Covid-19 will stunt Gen Z consumer trends
Many members of Gen Z entered the workforce for the first time in 2020, finding poor economic prospects that will affect consumer trends going forwards. For many members of Generation Z – the cohort born between 2000 and 2010 – the year of the pandemic would have been, their arrival as economically-independent consumers.
However, the pandemic has given them a chaotic job market, leading many to wonder whether the consumer trends brought about by Gen Z will take longer to develop. The anticipated trends include an overwhelming preference for ecommerce, high levels of consumer advocacy, greater health awareness and the prevalence of plant-based diets.
Among the factors likely to limit consumer spending power among Gen Z and therefore dampen these trends, unemployment and higher-than-ever levels of student debt loom large. Young Gen Z workers have struggled to secure and maintain steady jobs in 2020, during the pandemic’s first waves, and in future they are likely to face further disadvantages.

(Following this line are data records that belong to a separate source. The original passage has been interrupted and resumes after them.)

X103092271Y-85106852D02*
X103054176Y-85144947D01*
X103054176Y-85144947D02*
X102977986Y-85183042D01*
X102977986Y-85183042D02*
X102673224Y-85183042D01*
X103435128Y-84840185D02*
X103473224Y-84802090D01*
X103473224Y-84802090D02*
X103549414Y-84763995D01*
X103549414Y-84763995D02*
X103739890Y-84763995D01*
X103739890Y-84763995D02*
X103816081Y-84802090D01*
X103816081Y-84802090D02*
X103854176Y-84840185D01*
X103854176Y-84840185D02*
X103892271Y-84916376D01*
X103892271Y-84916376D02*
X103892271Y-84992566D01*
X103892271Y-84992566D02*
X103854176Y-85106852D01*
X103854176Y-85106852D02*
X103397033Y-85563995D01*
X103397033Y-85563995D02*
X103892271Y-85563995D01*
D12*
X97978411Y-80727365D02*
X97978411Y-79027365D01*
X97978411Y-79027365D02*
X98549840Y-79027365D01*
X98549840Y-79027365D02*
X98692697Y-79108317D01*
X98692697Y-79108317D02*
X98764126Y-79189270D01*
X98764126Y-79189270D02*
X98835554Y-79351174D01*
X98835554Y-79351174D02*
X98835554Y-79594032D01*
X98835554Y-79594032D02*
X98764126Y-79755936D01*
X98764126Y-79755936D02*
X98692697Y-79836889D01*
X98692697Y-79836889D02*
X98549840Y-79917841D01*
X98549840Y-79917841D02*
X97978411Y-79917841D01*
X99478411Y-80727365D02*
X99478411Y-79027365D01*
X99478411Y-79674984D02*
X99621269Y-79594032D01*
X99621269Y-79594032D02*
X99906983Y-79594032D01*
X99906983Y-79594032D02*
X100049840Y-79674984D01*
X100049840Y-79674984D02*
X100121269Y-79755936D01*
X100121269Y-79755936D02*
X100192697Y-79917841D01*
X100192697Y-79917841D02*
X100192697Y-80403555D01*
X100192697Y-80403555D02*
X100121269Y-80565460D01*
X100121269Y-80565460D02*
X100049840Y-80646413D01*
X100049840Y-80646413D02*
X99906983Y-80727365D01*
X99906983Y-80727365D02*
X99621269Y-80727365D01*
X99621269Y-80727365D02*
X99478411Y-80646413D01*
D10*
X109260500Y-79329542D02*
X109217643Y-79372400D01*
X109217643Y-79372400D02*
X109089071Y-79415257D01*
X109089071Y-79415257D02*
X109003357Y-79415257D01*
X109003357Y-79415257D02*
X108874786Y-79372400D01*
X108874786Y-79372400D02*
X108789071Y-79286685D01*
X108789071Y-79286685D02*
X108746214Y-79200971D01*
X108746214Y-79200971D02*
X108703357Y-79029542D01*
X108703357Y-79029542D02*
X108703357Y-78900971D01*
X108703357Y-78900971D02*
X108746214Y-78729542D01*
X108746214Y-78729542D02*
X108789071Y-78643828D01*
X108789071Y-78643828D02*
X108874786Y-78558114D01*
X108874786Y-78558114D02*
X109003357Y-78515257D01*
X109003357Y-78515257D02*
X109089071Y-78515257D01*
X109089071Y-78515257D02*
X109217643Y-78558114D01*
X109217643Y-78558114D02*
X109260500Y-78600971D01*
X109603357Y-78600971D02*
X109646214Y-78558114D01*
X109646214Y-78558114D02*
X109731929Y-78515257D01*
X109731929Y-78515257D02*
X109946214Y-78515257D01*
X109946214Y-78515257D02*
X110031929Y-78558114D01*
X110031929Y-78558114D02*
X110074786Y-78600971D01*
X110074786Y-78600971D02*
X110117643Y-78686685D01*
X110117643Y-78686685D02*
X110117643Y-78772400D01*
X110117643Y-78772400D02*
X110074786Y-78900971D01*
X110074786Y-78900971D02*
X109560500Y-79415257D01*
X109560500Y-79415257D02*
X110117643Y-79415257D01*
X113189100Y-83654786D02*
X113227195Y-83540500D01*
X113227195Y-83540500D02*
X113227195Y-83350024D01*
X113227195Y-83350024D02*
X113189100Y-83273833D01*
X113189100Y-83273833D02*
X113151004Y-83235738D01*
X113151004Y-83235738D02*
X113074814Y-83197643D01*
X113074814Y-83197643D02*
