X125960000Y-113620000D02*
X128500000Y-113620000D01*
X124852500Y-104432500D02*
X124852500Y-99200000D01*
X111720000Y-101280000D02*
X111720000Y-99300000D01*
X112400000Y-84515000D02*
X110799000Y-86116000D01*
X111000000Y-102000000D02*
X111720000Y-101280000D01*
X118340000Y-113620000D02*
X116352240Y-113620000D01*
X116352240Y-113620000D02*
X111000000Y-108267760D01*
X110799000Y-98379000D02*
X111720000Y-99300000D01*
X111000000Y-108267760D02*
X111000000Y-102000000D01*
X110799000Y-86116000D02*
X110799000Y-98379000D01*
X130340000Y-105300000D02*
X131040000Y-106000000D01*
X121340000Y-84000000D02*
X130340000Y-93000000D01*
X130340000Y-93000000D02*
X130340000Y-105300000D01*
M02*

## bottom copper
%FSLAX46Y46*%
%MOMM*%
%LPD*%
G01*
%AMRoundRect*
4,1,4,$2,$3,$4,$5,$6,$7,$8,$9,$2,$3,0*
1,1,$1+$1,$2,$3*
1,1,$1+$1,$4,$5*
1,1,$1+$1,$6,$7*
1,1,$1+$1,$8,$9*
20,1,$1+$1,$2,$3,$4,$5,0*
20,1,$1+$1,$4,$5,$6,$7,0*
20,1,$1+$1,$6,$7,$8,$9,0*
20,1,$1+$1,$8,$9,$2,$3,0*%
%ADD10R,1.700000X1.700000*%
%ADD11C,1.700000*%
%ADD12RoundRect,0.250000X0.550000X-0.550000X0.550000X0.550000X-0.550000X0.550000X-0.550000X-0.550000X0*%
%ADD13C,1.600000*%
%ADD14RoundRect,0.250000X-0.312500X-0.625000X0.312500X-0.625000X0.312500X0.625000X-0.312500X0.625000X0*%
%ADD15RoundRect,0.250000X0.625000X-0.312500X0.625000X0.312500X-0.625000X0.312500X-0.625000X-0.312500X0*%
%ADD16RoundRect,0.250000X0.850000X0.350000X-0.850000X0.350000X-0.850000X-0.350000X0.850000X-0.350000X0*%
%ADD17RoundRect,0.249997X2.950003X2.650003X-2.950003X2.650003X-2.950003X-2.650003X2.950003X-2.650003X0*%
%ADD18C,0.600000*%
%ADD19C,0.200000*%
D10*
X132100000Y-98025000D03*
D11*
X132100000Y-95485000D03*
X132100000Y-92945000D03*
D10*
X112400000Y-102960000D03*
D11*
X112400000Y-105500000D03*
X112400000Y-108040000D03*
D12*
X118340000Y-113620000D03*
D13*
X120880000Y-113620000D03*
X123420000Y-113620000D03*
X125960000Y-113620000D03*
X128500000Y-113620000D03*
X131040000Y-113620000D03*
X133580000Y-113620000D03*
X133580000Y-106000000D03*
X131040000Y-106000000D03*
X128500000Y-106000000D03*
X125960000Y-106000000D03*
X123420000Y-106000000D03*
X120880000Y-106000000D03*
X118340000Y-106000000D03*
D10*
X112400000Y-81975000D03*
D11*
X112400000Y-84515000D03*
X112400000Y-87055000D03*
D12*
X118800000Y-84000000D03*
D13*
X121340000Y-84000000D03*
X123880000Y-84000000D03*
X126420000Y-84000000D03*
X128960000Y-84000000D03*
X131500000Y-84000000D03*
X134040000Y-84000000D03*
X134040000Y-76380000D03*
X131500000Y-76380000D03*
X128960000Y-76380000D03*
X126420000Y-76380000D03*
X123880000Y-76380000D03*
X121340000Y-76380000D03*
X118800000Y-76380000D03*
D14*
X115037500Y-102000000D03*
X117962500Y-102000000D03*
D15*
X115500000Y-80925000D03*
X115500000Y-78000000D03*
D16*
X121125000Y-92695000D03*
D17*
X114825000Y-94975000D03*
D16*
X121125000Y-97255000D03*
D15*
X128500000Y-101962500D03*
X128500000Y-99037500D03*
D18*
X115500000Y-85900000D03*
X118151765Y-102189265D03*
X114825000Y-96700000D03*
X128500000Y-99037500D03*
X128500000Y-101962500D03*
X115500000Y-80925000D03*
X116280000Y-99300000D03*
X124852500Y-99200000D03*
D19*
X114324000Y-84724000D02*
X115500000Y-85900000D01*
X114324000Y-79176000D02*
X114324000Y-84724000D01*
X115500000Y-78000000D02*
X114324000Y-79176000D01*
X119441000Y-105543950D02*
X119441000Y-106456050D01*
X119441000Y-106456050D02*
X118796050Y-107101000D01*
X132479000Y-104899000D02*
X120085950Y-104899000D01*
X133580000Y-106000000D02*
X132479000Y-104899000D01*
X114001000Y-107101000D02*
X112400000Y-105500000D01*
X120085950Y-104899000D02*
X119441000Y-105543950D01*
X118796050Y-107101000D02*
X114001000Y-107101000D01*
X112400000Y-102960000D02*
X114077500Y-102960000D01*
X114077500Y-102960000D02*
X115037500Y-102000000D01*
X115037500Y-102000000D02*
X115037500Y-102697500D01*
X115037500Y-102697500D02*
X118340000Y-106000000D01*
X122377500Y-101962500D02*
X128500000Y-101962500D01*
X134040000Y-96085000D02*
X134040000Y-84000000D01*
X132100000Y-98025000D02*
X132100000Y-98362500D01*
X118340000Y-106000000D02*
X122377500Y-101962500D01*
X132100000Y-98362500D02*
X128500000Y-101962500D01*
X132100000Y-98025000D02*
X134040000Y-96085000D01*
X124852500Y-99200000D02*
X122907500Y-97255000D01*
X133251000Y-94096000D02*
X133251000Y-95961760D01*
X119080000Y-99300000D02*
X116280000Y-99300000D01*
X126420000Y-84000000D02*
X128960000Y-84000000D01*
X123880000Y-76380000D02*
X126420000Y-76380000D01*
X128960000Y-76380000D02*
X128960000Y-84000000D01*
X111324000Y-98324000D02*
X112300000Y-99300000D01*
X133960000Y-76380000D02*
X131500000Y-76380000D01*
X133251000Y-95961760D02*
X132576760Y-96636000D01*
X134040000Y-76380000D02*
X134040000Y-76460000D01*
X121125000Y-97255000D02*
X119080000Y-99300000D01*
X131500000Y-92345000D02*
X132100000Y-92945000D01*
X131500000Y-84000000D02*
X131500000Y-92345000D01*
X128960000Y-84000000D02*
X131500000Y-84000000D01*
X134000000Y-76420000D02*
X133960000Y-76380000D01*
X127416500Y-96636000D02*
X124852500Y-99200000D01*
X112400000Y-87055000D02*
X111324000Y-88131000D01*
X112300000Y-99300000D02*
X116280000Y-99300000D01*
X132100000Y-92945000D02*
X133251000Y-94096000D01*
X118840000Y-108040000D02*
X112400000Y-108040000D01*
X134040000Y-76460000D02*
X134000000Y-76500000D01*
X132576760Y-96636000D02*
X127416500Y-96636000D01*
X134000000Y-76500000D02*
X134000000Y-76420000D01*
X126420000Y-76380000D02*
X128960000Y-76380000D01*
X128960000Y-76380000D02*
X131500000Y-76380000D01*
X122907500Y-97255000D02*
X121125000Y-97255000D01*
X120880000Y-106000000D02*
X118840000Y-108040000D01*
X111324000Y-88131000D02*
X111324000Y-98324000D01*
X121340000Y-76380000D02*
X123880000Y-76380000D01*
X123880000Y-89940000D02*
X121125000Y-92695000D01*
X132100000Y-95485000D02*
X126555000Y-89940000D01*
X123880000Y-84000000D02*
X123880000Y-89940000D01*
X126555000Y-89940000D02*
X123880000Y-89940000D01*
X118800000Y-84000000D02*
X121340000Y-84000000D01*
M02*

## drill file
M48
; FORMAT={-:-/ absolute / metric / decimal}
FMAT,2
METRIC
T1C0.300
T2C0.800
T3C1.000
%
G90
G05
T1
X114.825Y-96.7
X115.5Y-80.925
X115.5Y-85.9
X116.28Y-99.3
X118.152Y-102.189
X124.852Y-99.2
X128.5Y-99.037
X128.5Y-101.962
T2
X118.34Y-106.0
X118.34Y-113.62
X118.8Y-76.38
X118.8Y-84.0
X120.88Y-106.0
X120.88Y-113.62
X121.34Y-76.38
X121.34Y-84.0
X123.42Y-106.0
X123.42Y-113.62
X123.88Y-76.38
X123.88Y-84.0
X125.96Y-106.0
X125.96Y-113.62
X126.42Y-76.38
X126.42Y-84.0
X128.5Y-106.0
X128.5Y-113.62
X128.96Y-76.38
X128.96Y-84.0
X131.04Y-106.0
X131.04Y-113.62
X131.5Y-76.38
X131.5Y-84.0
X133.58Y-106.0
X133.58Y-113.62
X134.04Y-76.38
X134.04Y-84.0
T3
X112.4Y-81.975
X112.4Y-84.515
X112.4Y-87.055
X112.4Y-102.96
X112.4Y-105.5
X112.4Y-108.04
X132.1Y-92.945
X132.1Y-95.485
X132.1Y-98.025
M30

According to the Economic Policy Institute, the year-on-year change in unemployment among workers aged 16-24 in spring 2020 was almost double that of workers aged 25+. Millennials suffer from weak employment patterns, with zero-hours contracts and gig working prevalent, but Gen Z is disproportionately affected because of workers’ dependence on contact-reliant sectors.
The US leisure and hospitality sector saw 41% lower employment between February and May 2020, where 25.8% of Gen Z workers worked in 2019, compared with just 7.4% of over-25s. Student loan debt will also hamper economic recovery for younger workers. Like many Millennials, Gen Z students in countries like the US and the UK will be saddled with debt.
Record university applications in 2020, as teenagers opted for delayed entry to poor job markets, will create a financially impaired generation and deprive the marketplace of thousands of salaried consumers.
Whilst Gen Z is associated with various consumer trends that retailers, manufacturers and marketers are banking on for the future, many of these have in fact been pioneered by Millennials. With a less debilitating impact from Covid-19 than Gen Z consumers in many cases, Millennials will be the primary drivers of generational consumer trends over the next decade.
In Global Data's survey of consumer trends conducted in 2020, 53% of Millennials consumers said they would shop online more after Covid-19, which was almost exactly the same as Gen Z at 54%. Meanwhile, 16% of Gen Z consumers surveyed opted for vegetarian diets, but the historical trend towards vegetarianism had actually slowed since Millennials powered away from Generation X and Boomers.